▸ **The task**: The expected answer holds every line from the first line of the data below through the line containing "1 VCC) (net", exactly as written, and no other line.

▸ **Material for the task**:
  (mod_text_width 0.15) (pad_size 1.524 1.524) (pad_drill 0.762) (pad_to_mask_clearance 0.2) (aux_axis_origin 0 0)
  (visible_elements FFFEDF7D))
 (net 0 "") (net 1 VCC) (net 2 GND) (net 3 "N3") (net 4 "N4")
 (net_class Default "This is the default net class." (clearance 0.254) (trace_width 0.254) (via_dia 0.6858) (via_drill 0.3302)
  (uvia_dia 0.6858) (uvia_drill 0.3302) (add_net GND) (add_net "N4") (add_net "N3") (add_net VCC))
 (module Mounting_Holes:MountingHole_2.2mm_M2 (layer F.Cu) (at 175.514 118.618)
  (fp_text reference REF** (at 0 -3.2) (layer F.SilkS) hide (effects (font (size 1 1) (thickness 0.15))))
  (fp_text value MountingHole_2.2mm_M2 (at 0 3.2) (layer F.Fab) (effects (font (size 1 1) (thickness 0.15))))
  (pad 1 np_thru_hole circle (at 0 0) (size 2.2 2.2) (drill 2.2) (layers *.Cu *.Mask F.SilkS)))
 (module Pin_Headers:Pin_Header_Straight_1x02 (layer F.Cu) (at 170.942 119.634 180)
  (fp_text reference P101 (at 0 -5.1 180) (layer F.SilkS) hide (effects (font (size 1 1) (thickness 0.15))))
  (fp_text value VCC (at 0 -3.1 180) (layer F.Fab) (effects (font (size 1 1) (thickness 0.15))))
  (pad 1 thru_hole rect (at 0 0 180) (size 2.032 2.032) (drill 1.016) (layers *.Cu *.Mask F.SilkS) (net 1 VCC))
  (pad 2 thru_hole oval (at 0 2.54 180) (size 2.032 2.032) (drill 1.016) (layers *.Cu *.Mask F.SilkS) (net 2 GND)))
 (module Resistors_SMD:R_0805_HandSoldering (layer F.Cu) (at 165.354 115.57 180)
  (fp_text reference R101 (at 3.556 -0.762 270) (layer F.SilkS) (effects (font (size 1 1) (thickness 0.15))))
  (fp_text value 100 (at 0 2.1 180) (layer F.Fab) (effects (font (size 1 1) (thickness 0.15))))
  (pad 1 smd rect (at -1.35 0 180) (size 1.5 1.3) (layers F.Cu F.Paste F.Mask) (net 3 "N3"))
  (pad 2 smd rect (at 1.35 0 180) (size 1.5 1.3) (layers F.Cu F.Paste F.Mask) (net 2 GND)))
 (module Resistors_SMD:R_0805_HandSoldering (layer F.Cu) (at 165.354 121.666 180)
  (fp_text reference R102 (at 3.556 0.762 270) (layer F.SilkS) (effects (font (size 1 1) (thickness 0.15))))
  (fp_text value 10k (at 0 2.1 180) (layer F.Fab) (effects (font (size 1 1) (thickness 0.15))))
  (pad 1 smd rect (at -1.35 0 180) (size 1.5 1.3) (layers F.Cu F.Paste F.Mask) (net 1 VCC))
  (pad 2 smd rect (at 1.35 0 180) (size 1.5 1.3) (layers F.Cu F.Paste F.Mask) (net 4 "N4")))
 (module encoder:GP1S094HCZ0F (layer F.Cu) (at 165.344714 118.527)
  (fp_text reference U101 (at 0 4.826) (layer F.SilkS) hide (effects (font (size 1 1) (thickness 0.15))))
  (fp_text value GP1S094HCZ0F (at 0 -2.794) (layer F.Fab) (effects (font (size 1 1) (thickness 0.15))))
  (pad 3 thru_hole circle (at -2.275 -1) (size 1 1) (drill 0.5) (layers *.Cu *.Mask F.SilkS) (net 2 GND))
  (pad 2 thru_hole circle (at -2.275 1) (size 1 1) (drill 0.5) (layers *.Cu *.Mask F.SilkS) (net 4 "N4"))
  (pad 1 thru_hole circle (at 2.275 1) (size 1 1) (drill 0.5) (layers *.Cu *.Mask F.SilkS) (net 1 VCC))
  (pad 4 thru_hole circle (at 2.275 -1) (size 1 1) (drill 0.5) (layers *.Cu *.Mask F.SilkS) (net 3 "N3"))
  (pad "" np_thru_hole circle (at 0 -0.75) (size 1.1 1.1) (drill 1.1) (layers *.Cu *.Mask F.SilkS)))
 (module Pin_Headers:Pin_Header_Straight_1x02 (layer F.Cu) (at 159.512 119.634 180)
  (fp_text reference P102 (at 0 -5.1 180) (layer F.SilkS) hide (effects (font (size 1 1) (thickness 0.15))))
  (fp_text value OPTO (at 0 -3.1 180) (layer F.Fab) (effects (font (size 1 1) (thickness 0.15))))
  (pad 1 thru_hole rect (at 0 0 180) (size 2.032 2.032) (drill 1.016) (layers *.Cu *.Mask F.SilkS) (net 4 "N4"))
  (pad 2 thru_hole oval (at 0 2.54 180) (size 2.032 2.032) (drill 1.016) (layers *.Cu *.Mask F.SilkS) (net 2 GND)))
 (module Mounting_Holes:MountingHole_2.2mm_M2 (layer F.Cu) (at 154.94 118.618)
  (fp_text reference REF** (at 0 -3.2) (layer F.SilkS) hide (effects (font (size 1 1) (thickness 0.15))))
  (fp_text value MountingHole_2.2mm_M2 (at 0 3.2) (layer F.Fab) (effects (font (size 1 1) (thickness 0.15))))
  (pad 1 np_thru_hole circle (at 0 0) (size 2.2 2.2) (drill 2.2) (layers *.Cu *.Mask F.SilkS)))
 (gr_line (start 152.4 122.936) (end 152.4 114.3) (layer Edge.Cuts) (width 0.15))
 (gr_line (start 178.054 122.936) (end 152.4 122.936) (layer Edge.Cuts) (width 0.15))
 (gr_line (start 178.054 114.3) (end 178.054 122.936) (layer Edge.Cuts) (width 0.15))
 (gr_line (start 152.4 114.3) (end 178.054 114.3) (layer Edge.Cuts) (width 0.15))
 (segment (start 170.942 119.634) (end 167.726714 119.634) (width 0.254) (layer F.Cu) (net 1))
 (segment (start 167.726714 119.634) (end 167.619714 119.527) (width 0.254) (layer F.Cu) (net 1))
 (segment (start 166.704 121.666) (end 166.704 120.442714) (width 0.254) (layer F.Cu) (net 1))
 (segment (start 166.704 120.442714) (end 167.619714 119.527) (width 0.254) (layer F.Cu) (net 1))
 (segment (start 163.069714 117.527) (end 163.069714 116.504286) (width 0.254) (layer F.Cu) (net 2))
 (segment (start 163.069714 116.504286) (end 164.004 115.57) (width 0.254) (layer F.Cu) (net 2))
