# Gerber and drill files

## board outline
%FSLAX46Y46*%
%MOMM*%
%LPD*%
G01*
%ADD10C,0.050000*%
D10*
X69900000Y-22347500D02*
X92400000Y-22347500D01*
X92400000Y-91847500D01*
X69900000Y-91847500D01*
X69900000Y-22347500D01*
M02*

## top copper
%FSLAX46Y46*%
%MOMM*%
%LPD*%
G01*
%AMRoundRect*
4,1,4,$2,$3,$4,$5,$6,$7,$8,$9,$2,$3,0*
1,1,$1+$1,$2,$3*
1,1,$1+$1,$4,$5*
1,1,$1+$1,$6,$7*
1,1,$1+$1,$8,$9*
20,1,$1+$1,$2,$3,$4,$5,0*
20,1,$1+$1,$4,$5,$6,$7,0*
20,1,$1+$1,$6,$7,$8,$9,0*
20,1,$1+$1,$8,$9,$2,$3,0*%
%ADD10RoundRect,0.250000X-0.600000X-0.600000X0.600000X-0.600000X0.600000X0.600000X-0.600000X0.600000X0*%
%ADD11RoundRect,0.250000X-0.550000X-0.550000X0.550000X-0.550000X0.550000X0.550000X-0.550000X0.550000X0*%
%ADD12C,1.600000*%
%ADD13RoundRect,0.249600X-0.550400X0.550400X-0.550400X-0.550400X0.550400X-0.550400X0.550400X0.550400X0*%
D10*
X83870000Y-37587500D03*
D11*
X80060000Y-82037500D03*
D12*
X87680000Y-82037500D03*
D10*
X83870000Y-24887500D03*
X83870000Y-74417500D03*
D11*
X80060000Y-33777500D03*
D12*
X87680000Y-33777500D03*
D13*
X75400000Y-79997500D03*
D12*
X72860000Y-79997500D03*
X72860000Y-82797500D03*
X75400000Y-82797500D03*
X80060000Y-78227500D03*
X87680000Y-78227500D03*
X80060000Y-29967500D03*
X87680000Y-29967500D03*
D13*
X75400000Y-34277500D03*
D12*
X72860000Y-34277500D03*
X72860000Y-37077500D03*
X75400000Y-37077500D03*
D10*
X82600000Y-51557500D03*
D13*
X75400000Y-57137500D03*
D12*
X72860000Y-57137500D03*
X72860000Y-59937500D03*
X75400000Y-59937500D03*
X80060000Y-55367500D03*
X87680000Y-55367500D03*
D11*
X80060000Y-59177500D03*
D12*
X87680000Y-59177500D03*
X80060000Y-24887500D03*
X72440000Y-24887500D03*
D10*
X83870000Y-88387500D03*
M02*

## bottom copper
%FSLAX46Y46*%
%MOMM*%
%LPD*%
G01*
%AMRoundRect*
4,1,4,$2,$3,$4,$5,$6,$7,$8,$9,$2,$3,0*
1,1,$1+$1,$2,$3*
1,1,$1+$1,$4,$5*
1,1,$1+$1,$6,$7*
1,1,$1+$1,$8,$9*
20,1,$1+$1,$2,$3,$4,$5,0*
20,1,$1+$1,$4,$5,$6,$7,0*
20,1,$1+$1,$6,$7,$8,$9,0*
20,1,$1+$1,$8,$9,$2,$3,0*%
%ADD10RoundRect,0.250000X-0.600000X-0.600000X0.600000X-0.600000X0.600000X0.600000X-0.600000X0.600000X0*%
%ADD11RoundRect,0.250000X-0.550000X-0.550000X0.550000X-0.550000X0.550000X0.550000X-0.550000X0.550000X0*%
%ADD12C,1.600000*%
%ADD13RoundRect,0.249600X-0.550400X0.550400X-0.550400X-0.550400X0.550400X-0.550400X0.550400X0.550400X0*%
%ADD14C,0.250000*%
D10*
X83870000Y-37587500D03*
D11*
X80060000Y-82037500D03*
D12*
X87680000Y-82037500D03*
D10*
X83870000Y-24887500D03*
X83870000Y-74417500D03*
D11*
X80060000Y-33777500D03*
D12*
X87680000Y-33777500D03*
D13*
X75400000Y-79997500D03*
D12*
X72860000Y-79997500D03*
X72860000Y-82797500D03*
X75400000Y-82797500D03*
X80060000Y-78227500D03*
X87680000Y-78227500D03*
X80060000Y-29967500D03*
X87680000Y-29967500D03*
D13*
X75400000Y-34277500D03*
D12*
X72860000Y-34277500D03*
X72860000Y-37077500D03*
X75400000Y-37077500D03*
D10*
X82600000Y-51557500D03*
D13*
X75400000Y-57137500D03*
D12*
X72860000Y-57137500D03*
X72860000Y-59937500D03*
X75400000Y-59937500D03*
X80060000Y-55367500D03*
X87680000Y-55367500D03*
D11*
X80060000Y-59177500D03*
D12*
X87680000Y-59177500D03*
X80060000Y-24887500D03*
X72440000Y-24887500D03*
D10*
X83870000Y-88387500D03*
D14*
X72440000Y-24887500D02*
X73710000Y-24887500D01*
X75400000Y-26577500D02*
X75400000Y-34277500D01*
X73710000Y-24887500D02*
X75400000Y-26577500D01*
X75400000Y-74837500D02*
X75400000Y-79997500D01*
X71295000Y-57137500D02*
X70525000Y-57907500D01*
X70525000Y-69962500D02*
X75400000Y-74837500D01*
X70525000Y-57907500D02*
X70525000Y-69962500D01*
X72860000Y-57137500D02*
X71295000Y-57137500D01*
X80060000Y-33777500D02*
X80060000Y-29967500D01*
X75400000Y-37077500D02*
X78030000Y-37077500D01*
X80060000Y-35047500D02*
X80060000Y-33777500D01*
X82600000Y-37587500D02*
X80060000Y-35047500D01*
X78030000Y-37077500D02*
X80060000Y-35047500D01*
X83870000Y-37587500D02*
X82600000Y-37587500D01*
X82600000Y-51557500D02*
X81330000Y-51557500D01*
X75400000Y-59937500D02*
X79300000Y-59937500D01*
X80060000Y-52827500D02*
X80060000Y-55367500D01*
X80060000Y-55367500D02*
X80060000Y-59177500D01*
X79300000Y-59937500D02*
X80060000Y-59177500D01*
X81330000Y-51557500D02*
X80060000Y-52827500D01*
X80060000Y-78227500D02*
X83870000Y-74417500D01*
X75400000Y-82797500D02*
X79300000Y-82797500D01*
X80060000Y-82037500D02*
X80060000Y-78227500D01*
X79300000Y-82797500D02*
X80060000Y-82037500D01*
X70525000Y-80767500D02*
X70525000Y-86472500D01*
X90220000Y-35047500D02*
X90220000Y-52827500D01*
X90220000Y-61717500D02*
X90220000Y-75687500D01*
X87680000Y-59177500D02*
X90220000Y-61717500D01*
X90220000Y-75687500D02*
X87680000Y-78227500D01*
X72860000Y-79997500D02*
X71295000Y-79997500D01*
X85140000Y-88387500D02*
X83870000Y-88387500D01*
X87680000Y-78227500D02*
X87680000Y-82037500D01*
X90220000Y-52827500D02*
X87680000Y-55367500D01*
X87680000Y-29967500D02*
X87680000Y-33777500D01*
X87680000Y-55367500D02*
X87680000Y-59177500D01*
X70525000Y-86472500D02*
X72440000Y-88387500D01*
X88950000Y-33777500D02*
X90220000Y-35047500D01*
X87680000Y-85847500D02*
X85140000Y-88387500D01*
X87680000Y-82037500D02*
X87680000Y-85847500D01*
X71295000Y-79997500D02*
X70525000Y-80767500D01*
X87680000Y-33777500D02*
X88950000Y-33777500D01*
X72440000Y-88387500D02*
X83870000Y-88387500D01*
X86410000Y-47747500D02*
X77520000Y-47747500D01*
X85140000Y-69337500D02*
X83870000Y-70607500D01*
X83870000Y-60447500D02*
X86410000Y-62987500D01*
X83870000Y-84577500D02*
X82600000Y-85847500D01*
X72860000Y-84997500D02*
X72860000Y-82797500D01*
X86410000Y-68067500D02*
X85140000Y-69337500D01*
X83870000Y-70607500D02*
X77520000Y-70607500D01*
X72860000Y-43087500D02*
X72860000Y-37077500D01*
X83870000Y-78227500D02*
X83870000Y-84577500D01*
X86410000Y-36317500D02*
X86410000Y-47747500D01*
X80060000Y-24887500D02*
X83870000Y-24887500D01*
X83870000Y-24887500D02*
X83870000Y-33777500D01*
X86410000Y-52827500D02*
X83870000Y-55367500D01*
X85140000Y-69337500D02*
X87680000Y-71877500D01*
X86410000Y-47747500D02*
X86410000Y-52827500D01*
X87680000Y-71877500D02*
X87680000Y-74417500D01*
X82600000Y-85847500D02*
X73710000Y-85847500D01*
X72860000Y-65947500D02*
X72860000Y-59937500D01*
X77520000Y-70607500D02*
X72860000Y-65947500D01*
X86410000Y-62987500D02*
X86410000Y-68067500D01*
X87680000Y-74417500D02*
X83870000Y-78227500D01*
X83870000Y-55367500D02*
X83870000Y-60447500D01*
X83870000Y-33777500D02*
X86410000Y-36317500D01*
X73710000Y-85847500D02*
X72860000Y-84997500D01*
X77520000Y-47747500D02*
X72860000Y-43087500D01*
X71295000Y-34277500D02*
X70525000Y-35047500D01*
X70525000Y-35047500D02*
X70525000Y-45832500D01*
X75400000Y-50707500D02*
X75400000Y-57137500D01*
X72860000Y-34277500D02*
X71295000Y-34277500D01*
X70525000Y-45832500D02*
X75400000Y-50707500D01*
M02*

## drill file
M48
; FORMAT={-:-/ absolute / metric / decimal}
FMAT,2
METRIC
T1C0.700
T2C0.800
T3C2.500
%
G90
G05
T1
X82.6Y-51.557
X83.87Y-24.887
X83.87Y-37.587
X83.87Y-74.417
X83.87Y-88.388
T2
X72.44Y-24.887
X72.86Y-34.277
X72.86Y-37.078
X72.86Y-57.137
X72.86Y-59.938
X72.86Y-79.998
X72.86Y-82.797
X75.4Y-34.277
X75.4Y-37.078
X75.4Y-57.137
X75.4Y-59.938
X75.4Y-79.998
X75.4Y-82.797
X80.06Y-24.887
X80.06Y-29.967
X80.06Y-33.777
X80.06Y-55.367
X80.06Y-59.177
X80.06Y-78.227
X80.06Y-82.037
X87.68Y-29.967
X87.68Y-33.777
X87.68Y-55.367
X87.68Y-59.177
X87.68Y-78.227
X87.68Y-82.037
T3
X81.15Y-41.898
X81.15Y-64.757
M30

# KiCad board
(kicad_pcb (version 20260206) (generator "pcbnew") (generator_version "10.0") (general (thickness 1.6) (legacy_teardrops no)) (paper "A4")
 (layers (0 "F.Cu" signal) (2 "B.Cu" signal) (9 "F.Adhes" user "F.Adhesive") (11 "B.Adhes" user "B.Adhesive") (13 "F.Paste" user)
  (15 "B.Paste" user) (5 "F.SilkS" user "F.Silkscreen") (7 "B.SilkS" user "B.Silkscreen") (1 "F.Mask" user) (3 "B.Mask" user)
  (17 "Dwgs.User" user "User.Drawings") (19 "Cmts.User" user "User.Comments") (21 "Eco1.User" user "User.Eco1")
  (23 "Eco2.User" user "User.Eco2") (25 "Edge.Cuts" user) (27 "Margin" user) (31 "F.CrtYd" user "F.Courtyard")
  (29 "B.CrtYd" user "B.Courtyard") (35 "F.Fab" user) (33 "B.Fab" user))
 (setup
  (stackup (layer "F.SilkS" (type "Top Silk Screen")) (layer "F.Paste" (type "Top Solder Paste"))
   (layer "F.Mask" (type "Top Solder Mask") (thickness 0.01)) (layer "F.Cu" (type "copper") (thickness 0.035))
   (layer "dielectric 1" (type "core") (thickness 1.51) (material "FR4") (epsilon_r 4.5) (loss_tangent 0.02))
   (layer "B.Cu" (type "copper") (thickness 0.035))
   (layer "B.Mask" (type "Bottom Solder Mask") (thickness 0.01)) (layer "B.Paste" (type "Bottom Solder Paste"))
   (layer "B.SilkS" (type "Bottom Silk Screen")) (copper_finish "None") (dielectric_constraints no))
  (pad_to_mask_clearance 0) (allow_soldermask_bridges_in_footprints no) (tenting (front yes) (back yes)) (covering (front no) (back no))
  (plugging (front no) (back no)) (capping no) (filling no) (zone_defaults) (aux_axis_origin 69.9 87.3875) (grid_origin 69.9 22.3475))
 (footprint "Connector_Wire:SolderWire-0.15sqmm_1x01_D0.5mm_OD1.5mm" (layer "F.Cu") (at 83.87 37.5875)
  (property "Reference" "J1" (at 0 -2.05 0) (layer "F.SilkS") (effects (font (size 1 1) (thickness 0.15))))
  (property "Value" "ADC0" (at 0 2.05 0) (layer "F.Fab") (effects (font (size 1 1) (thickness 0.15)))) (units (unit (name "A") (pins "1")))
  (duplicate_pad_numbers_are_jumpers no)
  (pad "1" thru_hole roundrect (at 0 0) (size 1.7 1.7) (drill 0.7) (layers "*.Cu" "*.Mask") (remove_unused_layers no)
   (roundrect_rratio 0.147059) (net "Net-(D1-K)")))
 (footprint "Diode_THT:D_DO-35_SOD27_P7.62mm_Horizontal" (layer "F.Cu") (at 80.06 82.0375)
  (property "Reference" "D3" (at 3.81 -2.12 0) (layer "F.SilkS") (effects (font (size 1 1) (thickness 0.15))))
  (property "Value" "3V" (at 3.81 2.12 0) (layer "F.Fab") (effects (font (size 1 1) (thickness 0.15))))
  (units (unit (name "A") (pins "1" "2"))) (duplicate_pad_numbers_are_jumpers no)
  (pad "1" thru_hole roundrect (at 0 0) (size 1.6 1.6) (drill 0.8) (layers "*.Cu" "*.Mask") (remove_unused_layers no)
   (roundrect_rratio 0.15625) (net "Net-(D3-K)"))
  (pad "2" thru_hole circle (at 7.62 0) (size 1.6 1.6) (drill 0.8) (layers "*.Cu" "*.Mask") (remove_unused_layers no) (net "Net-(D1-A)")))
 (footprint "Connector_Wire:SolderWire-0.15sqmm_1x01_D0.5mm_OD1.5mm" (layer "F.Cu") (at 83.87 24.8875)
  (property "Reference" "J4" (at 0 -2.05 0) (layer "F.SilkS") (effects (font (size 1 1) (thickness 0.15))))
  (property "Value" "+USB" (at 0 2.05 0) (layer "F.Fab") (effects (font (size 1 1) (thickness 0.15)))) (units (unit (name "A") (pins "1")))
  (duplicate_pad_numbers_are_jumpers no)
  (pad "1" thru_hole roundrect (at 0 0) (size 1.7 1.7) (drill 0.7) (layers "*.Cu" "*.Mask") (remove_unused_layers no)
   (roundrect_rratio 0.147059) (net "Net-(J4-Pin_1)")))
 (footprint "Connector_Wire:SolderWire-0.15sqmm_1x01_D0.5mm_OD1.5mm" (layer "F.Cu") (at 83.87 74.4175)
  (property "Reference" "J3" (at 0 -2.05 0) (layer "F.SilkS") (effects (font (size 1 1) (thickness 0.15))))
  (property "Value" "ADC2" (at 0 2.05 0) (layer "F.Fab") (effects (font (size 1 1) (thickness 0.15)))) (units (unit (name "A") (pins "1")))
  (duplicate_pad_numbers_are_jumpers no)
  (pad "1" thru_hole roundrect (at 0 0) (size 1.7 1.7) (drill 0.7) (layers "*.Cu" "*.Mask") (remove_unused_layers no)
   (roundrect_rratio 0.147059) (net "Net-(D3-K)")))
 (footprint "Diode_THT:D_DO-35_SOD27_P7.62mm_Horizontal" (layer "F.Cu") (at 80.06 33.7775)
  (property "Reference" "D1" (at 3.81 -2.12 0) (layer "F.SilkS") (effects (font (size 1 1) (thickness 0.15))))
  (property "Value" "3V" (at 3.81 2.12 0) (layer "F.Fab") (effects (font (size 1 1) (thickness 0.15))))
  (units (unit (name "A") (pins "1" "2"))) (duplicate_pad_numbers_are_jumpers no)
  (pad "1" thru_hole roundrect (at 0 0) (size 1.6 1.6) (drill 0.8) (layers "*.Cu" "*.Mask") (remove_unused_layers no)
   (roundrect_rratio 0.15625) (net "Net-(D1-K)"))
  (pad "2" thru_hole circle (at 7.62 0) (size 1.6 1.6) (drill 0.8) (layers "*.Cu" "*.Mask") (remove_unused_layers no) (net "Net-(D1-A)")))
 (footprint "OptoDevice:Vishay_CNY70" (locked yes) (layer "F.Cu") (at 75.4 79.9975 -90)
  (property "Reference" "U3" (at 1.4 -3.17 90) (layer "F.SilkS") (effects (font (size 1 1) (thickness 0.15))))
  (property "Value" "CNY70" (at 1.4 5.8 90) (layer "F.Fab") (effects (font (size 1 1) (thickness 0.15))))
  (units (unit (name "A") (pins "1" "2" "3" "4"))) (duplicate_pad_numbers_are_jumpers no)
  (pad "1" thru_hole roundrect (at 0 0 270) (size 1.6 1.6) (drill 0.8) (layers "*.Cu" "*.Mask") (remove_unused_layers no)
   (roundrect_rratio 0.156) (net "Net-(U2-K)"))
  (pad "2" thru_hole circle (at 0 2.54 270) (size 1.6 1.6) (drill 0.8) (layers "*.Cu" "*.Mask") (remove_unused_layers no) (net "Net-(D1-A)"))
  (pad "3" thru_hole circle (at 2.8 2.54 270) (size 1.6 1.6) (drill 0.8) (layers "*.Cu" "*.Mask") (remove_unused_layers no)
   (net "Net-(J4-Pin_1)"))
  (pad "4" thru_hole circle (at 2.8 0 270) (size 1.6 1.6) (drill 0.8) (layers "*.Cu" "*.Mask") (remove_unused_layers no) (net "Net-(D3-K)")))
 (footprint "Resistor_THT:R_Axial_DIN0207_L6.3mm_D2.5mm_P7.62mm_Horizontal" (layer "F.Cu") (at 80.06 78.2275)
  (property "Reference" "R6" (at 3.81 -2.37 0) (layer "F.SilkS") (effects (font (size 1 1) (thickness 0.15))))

▸ **Reply to the task**:
  (mod_text_width 0.15) (pad_size 1.524 1.524) (pad_drill 0.762) (pad_to_mask_clearance 0.2) (aux_axis_origin 0 0)
  (visible_elements FFFEDF7D))
 (net 0 "") (net 1 VCC) (net 2 GND) (net 3 "N3") (net 4 "N4")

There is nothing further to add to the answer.